Let $u$, $v\in W^{1,2}(\Omega)$ be two non-negative sobolev functions. We define $$ w:= \begin{cases} u&\text{ if }u\leq v\\ v&\text{ if }v\leq u \end{cases} $$ Let $$ P:=\{x\in\Omega,\, u\leq v\}\,\,Q:=\{x\in\Omega,\,v>u\} $$ Then, can we have $w\in W^{1,2}(\Omega)$ as well? Moreover, can we have $$ \|\nabla w\|^2_{L^2(\Omega)}=\|\nabla u\|^2_{L^2(P)}+\|\nabla v\|^2_{L^2(Q)} $$ too?
Here my $\Omega\subset \mathbb R^N$ is open bounded with smooth boundary. And my $N=1$ or $N=2$.
We just need Stampacchia's theorem:
The proof should be straightforward if one knows something about absolutely continuous functions. See for example the book Partial Differential Equations by Evans for the $C^1$ case and Weakly Differentiable Functions by Ziemer for the general case.

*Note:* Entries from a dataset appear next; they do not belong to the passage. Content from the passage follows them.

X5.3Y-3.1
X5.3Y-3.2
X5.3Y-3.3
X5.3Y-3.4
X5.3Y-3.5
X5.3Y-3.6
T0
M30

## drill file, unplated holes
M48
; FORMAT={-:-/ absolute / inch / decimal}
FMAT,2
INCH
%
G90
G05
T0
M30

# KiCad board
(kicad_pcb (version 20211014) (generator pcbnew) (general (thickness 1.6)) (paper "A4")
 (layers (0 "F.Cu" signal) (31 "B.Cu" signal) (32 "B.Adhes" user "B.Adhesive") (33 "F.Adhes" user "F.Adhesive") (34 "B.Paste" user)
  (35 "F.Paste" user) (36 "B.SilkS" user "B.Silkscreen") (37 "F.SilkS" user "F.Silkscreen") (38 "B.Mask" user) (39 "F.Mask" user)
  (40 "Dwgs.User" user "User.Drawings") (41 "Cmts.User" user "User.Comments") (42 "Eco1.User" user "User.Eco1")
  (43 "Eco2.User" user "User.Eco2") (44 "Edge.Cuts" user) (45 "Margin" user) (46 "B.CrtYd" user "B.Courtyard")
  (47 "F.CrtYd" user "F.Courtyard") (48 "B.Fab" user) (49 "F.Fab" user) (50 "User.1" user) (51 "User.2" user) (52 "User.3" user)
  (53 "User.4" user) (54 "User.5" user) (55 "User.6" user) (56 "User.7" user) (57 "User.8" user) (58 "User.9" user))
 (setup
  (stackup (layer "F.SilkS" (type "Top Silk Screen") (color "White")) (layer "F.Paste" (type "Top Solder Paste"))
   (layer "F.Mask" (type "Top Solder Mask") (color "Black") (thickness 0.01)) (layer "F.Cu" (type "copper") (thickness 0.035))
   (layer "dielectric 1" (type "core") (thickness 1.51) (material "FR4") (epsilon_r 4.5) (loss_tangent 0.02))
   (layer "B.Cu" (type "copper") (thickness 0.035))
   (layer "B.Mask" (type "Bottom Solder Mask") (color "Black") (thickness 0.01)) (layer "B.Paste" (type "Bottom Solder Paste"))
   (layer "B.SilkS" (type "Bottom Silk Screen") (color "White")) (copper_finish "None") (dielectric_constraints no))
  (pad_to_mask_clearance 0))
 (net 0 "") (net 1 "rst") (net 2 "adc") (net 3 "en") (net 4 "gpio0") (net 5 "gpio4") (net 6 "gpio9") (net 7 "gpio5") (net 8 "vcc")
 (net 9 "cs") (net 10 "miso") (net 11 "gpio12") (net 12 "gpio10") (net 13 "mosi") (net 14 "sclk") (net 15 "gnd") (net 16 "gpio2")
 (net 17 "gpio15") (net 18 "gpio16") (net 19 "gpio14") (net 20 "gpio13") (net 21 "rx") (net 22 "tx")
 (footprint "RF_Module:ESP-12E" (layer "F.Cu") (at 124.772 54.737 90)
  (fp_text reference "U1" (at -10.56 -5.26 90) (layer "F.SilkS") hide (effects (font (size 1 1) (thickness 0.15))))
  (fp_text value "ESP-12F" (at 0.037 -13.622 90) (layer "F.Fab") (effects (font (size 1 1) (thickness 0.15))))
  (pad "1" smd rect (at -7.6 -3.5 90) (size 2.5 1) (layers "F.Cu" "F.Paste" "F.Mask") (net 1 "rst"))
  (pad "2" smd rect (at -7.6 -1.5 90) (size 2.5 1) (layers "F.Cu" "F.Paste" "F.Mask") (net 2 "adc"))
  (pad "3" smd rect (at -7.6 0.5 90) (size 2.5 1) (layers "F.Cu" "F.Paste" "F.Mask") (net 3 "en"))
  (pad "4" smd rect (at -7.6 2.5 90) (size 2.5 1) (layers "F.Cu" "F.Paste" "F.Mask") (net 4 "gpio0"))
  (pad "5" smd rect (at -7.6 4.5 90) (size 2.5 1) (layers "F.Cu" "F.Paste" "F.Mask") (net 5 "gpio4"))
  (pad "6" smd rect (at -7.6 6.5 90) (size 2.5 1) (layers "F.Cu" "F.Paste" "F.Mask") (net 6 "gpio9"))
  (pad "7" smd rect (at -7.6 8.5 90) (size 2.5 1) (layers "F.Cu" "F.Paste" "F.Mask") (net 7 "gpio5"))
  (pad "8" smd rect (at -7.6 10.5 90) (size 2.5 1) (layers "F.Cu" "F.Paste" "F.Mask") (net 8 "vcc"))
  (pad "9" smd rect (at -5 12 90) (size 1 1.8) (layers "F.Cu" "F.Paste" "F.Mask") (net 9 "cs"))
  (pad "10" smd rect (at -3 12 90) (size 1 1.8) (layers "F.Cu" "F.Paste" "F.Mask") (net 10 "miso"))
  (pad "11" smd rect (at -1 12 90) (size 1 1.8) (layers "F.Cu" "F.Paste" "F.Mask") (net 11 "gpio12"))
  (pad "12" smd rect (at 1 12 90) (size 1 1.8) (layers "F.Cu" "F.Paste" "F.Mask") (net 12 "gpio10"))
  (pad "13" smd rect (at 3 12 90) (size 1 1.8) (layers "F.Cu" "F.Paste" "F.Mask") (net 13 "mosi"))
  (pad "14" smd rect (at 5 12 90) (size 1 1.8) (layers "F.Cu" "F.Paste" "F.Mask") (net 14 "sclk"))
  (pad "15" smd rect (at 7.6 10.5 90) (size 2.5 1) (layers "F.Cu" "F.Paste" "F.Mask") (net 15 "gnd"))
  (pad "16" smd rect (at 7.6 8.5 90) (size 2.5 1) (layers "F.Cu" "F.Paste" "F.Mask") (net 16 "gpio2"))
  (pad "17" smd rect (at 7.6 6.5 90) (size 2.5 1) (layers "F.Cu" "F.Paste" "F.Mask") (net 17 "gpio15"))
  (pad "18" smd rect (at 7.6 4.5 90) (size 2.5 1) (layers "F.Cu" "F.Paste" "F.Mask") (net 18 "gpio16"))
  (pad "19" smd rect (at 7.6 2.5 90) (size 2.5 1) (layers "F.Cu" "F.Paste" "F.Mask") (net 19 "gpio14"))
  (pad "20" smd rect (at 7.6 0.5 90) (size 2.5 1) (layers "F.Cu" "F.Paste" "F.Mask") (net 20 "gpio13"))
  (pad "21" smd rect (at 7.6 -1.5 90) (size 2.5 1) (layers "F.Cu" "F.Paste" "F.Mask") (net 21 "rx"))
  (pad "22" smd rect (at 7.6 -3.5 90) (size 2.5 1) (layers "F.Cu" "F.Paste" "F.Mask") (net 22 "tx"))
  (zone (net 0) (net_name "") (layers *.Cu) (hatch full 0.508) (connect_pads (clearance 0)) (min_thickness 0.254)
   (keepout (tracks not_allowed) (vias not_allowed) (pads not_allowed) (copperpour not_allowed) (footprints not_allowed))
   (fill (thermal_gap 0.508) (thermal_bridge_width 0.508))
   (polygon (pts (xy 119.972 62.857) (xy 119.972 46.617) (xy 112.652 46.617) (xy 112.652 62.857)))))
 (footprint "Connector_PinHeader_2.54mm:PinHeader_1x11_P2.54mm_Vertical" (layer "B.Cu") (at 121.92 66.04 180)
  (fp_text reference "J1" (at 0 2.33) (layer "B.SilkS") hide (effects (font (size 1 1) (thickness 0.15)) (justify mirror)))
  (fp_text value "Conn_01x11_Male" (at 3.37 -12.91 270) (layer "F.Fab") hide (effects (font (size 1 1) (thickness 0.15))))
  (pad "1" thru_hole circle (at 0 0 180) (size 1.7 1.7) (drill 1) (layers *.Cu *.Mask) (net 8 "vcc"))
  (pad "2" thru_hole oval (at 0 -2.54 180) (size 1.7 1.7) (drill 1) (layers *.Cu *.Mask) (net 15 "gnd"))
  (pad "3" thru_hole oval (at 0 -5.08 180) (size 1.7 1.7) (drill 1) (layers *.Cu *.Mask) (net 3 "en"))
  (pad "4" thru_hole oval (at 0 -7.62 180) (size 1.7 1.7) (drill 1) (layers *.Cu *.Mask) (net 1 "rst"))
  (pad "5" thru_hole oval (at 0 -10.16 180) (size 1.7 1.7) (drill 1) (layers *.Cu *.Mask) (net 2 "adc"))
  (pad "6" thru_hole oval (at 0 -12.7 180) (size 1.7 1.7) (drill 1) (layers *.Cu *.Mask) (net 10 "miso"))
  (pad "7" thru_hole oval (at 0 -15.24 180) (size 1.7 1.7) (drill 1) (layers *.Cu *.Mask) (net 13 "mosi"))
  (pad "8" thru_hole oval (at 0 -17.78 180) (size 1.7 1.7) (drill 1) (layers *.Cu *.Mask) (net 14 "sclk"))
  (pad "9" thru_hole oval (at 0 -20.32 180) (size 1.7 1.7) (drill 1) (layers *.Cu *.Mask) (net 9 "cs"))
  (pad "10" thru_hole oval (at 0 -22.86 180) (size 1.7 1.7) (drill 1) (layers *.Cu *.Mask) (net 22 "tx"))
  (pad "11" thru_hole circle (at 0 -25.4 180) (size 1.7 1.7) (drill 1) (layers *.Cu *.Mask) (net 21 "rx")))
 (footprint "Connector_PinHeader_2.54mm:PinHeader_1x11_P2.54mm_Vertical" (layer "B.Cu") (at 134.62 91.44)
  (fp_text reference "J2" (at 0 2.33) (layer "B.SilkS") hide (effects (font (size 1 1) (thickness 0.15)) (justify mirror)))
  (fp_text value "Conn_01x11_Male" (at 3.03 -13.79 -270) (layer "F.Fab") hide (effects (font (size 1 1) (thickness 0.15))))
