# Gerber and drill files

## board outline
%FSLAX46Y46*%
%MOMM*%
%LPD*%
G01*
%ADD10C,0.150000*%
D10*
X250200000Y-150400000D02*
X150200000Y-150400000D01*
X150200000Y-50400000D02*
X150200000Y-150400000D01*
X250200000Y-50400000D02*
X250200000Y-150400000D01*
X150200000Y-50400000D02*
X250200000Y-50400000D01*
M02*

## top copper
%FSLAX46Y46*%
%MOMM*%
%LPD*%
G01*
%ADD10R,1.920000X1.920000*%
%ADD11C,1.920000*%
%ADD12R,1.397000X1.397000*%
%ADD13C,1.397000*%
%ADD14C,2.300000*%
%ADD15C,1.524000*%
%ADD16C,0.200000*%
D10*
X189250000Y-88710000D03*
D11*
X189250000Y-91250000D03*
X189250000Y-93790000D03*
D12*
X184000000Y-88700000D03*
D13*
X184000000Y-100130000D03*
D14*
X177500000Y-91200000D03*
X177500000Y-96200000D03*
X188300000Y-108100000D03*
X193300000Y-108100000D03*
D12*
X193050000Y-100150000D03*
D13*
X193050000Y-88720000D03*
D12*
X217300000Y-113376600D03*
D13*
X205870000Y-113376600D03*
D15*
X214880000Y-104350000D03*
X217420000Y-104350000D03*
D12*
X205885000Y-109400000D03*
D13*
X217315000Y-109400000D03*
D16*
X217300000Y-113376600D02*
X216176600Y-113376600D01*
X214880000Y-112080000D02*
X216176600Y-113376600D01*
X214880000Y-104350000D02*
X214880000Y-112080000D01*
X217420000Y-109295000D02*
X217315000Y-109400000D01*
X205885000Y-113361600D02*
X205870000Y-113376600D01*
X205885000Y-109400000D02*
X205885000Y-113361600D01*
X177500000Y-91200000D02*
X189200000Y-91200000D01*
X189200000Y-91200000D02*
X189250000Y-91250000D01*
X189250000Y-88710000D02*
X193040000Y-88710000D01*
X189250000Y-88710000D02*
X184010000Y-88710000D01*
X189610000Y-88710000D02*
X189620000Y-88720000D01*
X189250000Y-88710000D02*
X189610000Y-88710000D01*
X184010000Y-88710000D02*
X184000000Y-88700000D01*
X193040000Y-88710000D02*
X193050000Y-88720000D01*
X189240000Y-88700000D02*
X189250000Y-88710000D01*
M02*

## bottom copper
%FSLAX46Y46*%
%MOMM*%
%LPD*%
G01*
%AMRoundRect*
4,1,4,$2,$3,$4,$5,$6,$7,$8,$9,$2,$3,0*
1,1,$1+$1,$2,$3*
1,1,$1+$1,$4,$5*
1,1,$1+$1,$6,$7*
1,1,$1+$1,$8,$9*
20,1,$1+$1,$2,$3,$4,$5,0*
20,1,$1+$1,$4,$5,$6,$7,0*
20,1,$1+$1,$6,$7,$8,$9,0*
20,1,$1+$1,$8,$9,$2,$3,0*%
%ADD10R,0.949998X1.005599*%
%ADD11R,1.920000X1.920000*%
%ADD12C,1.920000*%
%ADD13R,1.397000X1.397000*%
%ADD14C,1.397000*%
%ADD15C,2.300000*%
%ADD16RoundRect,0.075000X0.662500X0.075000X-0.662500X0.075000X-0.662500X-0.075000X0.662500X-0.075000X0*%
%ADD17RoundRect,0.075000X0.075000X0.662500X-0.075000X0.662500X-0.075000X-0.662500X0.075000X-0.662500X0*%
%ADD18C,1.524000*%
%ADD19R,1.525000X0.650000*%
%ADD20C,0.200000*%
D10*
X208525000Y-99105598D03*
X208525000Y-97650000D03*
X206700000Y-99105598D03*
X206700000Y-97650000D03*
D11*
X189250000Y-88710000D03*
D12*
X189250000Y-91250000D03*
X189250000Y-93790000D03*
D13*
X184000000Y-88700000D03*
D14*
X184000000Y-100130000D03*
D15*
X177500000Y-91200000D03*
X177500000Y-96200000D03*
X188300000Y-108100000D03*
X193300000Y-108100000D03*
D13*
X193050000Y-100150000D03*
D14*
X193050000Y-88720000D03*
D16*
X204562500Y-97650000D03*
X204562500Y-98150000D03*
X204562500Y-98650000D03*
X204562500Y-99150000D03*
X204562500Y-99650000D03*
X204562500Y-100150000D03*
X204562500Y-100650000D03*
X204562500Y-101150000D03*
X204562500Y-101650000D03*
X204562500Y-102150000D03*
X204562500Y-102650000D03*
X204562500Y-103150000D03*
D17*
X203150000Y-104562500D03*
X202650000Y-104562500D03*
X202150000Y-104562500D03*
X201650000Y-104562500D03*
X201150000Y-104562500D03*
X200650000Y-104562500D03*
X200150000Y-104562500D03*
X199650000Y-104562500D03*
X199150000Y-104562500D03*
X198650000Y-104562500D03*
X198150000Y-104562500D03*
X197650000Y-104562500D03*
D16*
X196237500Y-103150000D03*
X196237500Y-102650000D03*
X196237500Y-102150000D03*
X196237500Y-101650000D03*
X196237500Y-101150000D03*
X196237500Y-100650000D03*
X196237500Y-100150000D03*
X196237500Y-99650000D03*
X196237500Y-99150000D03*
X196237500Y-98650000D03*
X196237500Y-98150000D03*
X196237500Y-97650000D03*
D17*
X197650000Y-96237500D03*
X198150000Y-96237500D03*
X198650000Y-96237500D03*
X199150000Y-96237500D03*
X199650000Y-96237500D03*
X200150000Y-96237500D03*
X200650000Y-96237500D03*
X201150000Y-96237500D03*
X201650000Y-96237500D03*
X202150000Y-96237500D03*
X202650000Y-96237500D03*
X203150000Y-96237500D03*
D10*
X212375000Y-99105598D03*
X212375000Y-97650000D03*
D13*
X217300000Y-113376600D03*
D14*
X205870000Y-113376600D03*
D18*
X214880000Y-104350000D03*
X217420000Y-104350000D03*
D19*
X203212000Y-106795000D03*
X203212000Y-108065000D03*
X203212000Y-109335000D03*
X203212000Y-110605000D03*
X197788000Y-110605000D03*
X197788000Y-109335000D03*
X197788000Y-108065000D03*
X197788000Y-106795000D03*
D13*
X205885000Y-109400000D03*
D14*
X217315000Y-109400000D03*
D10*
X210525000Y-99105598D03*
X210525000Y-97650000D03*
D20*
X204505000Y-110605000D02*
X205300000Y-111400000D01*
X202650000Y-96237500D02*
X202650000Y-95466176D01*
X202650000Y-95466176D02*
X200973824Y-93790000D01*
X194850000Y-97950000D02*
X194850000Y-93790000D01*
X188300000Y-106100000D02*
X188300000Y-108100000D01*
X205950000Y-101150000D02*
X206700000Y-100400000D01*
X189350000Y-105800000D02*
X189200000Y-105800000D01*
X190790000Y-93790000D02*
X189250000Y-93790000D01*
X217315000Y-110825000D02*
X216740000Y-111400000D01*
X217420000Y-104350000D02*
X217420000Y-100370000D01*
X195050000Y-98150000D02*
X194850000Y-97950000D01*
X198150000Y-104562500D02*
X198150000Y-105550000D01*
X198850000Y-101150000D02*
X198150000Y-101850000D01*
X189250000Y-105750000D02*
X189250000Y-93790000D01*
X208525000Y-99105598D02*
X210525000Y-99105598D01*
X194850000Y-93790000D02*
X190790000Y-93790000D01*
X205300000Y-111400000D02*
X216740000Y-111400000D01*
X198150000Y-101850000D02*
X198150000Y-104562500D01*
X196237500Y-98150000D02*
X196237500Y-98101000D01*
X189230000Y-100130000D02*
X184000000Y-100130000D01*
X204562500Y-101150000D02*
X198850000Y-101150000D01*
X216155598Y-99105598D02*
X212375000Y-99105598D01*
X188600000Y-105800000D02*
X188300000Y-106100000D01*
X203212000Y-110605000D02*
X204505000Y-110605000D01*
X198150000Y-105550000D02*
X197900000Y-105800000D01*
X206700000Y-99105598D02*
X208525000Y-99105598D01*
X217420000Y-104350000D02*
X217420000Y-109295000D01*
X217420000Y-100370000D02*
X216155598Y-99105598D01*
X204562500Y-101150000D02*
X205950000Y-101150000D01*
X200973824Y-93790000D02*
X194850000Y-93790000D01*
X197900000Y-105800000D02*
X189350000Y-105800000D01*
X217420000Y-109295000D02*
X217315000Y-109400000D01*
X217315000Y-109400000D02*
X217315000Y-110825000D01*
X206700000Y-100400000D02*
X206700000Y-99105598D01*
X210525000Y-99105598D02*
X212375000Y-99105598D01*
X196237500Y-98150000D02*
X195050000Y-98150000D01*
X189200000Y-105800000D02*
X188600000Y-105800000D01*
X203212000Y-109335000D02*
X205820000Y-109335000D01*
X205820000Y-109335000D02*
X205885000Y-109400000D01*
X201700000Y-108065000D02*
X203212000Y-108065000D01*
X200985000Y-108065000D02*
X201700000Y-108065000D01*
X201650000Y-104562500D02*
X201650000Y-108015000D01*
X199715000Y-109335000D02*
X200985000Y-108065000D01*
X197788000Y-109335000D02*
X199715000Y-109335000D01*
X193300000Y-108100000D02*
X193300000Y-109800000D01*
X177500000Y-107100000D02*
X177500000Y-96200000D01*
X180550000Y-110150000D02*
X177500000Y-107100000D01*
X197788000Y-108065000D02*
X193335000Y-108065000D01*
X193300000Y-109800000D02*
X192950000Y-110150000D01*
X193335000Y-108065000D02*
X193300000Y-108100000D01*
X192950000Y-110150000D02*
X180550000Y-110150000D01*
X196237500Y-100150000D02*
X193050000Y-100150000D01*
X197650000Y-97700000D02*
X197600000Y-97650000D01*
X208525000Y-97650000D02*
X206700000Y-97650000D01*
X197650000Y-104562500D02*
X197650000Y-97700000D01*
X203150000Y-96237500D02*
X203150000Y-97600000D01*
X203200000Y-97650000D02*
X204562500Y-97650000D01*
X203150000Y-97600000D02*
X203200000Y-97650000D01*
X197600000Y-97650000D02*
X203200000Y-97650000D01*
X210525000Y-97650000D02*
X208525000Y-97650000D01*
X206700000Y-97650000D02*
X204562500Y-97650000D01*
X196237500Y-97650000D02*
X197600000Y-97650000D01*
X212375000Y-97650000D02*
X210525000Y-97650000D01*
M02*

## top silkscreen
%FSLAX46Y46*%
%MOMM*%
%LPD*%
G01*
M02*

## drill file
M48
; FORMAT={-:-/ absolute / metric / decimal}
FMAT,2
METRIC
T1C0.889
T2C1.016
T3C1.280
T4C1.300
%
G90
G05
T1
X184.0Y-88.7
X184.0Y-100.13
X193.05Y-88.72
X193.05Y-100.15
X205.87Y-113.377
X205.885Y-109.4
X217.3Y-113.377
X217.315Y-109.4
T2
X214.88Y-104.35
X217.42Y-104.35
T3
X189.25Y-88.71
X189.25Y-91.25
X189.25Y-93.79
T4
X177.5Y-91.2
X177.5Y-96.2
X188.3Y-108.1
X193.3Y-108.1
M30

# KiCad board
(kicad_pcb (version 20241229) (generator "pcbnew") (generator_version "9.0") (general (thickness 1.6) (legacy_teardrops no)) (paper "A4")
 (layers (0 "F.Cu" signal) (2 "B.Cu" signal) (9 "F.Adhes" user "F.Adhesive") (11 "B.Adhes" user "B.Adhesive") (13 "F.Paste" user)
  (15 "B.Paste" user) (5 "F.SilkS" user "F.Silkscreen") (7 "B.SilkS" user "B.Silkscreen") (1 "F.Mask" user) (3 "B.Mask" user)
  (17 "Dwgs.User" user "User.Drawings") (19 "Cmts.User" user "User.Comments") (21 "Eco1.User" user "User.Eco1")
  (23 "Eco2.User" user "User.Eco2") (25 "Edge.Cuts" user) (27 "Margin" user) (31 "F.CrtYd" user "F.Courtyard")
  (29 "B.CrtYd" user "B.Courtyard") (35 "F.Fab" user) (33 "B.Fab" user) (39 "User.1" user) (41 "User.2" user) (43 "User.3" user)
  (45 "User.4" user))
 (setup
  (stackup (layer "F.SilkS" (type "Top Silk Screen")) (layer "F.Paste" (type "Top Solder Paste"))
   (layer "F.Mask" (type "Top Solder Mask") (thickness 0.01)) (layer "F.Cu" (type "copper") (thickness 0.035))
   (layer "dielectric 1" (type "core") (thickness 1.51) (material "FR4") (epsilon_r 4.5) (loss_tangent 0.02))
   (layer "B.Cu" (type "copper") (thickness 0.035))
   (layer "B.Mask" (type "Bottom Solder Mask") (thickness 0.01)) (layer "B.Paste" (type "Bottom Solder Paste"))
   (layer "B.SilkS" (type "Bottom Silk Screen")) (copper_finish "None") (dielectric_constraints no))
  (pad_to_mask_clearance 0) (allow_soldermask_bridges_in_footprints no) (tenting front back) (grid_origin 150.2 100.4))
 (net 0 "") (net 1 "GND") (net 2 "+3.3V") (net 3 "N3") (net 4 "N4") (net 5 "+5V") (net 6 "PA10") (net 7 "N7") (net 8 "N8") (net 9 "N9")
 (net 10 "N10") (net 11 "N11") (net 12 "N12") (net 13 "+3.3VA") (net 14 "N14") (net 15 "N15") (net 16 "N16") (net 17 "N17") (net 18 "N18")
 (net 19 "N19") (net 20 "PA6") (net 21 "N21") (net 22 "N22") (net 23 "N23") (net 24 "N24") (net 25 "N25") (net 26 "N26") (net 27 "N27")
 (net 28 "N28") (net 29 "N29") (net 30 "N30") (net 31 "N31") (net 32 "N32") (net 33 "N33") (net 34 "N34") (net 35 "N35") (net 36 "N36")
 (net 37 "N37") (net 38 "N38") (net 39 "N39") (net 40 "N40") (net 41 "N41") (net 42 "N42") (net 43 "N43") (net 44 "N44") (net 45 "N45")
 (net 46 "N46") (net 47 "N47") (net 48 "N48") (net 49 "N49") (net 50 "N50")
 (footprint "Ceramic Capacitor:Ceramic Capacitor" (layer "B.Cu") (at 208.525 98.377799 90)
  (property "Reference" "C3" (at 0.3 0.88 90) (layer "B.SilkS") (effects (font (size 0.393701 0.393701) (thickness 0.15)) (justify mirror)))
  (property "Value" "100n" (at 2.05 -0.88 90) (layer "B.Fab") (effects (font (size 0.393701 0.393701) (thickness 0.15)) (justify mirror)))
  (pad "1" smd rect (at -0.727799 0 90) (size 1.005599 0.949998) (layers "B.Cu" "B.Mask" "B.Paste") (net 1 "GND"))
  (pad "2" smd rect (at 0.727799 0 90) (size 1.005599 0.949998) (layers "B.Cu" "B.Mask" "B.Paste") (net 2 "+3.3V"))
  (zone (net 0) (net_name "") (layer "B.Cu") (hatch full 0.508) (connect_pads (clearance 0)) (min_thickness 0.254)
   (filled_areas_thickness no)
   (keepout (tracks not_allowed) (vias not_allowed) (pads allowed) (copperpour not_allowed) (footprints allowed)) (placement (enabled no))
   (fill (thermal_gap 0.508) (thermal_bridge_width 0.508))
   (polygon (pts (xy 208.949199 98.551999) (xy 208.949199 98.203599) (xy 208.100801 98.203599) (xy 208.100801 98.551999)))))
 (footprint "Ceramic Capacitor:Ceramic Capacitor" (layer "B.Cu") (at 206.7 98.377799 90)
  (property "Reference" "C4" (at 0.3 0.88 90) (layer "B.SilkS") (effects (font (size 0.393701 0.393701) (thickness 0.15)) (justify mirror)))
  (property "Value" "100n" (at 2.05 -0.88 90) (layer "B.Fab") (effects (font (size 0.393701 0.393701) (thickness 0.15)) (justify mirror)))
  (pad "1" smd rect (at -0.727799 0 90) (size 1.005599 0.949998) (layers "B.Cu" "B.Mask" "B.Paste") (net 1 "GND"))
  (pad "2" smd rect (at 0.727799 0 90) (size 1.005599 0.949998) (layers "B.Cu" "B.Mask" "B.Paste") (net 2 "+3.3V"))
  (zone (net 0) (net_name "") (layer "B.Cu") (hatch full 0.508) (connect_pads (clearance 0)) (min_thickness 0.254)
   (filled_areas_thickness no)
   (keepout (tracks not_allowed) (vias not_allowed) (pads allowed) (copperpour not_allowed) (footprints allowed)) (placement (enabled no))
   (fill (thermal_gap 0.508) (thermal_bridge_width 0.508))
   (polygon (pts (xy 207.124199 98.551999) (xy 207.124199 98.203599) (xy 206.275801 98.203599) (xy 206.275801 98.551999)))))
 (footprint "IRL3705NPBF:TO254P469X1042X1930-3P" (layer "B.Cu") (at 189.25 88.71 -90)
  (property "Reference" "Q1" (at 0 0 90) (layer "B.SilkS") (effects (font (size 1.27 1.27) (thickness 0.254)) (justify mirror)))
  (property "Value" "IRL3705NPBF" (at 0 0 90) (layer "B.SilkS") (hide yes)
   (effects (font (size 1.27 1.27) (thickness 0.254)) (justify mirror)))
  (pad "1" thru_hole rect (at 0 0 270) (size 1.92 1.92) (drill 1.28) (layers "*.Cu" "*.Mask") (remove_unused_layers no) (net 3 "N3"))
  (pad "2" thru_hole circle (at 2.54 0 270) (size 1.92 1.92) (drill 1.28) (layers "*.Cu" "*.Mask") (remove_unused_layers no) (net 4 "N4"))
  (pad "3" thru_hole circle (at 5.08 0 270) (size 1.92 1.92) (drill 1.28) (layers "*.Cu" "*.Mask") (remove_unused_layers no) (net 1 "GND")))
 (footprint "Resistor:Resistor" (layer "B.Cu") (at 184 88.7 -90)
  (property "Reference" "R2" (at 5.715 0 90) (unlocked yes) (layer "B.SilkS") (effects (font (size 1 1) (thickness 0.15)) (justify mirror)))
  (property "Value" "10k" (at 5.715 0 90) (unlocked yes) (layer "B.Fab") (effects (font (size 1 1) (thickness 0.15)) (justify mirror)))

Now, if $G(x)=\max\{x,0\}$ then, $G$ is Lipschitz with derivative bounded by $1$ therefore, if $u\in W^{1,p}(\Omega)$ then $G(u)=\max\{u,0\}\in W^{1,p}(\Omega)$ and
$$\nabla (G(u)) = \begin{cases} \nabla u & \mbox{if } u\ge0 \\ 0 & \mbox{if } u\le0 \end{cases}.$$
To conclude, note that $\min\{u,v\}=-\max\{u-v,0\}+u$ which implies that
$$\nabla (\min\{u,v\}) = \begin{cases} \nabla v & \mbox{if } u\ge v \\ \nabla u & \mbox{if } u\le v \end{cases}.$$